When you fear that your throat is tightening so you are going to stop breathing, you actually will think that it is possible to stop breathing.
When you start to rationalize that you will not stop breathing, then you can actually register that your throat tightened but you're still breathing.
Eventually, this will no longer be a perceived reality but just a simple fear.
That's when the battle over fears can be conquered.
CBT works by figuring out what is the reasoning behind the fears and establishing the patterns a sufferer goes through.
Then the sufferer needs to learn to be less sensitive to the fear.
This may mean exposing the person to what they fear the most until they eventually no longer have this fear.
CBT for a panic attack can be a simple process or a very complex process.
It all depends on what is involved with the trigger for the panic attack anxiety.
If the person just has a fear of heights but there are no behaviors or emotional issues connected with it, then this person may only need to be exposed to heights.
This exposure may need to be repeated a few times.
If the issue is a fear of dark closed in spaces and there was an incident when the sufferer was a child and he/ she got stuck in the dark trunk of a car, then the issues have to be dealt with individually and as a whole.
Panic attacks are the physical manifestation of psychological fears.
The severity of the condition depends on what all is involved with the fear.
The physical symptoms can include but are not limited to shortness of breath, sweating, rapid heartbeat or the feeling of losing complete control.
CBT for a panic attack works to help the overwhelmed sufferer to overcome the effects of the attack.
Eventually, the attacks will lose severity until the treatment makes the attacks stop.
The panic attack sufferer needs to learn not to associate the natural physical symptom with a psychological fear.
This means that if their throat tightens; it doesn't mean that they will not be able to breathe.
A good way to make sure that CBT for panic attacks works is to start a journal.
Write down everything that you can about how you are feeling, what you think triggered an attack or anything else that you think is important.
By keeping track of how you feel and how you respond to situations, you can learn and understand what needs to be done to be able to overcome panic attacks.
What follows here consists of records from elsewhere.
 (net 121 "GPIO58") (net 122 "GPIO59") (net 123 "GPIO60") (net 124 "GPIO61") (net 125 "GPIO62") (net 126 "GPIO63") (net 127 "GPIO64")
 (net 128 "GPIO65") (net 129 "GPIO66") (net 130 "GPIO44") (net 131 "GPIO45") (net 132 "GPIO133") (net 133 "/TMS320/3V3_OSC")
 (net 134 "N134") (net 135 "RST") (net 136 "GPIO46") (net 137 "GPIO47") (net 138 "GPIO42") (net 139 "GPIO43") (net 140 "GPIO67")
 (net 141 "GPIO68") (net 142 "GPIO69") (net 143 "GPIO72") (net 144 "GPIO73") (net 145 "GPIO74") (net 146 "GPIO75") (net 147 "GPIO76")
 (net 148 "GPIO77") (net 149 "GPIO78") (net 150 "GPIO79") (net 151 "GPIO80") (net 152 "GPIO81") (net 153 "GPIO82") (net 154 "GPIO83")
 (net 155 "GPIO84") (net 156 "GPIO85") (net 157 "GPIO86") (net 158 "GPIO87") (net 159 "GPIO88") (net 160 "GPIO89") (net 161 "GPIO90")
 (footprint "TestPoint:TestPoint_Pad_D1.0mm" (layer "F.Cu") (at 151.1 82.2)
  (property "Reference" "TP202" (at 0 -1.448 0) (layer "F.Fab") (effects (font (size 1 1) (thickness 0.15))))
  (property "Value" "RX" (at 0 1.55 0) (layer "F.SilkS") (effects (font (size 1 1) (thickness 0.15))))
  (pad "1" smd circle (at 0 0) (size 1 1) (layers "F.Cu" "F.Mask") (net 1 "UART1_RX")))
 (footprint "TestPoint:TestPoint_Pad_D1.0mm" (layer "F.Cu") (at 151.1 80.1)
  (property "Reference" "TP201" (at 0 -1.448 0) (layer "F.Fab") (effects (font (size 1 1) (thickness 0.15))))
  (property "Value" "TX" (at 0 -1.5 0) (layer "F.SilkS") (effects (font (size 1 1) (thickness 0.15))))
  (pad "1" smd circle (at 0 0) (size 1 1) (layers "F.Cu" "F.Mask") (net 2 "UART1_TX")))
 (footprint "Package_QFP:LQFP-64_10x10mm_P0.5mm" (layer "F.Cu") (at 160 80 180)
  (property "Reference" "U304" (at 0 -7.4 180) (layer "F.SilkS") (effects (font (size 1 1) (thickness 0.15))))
When you are suffering through a panic attack it is hard to think clearly about the situation.
Everything seems real, for that moment, and the fears seem real.
Later when you are no longer having a panic attack; you can rationalize your feelings about what happened.
During an attack, this is nearly impossible.
When using CBT, the sufferer learns how distinguish what is real and what is perceived to be real.
They learn how to cope with their perceptions and how to turn them around.
This is not something that will happen overnight.
It is a process that must be done in steps.
On each level, or step, the realization that the fears are not real dangers gradually starts to register on the mind.
When you fear that your throat is tightening so you are going to stop breathing, you actually will think that it is possible to stop breathing.
When you start to rationalize that you will not stop breathing, then you can actually register that your throat tightened but you're still breathing.
Eventually, this will no longer be a perceived reality but just a simple fear.
That's when the battle over fears can be conquered.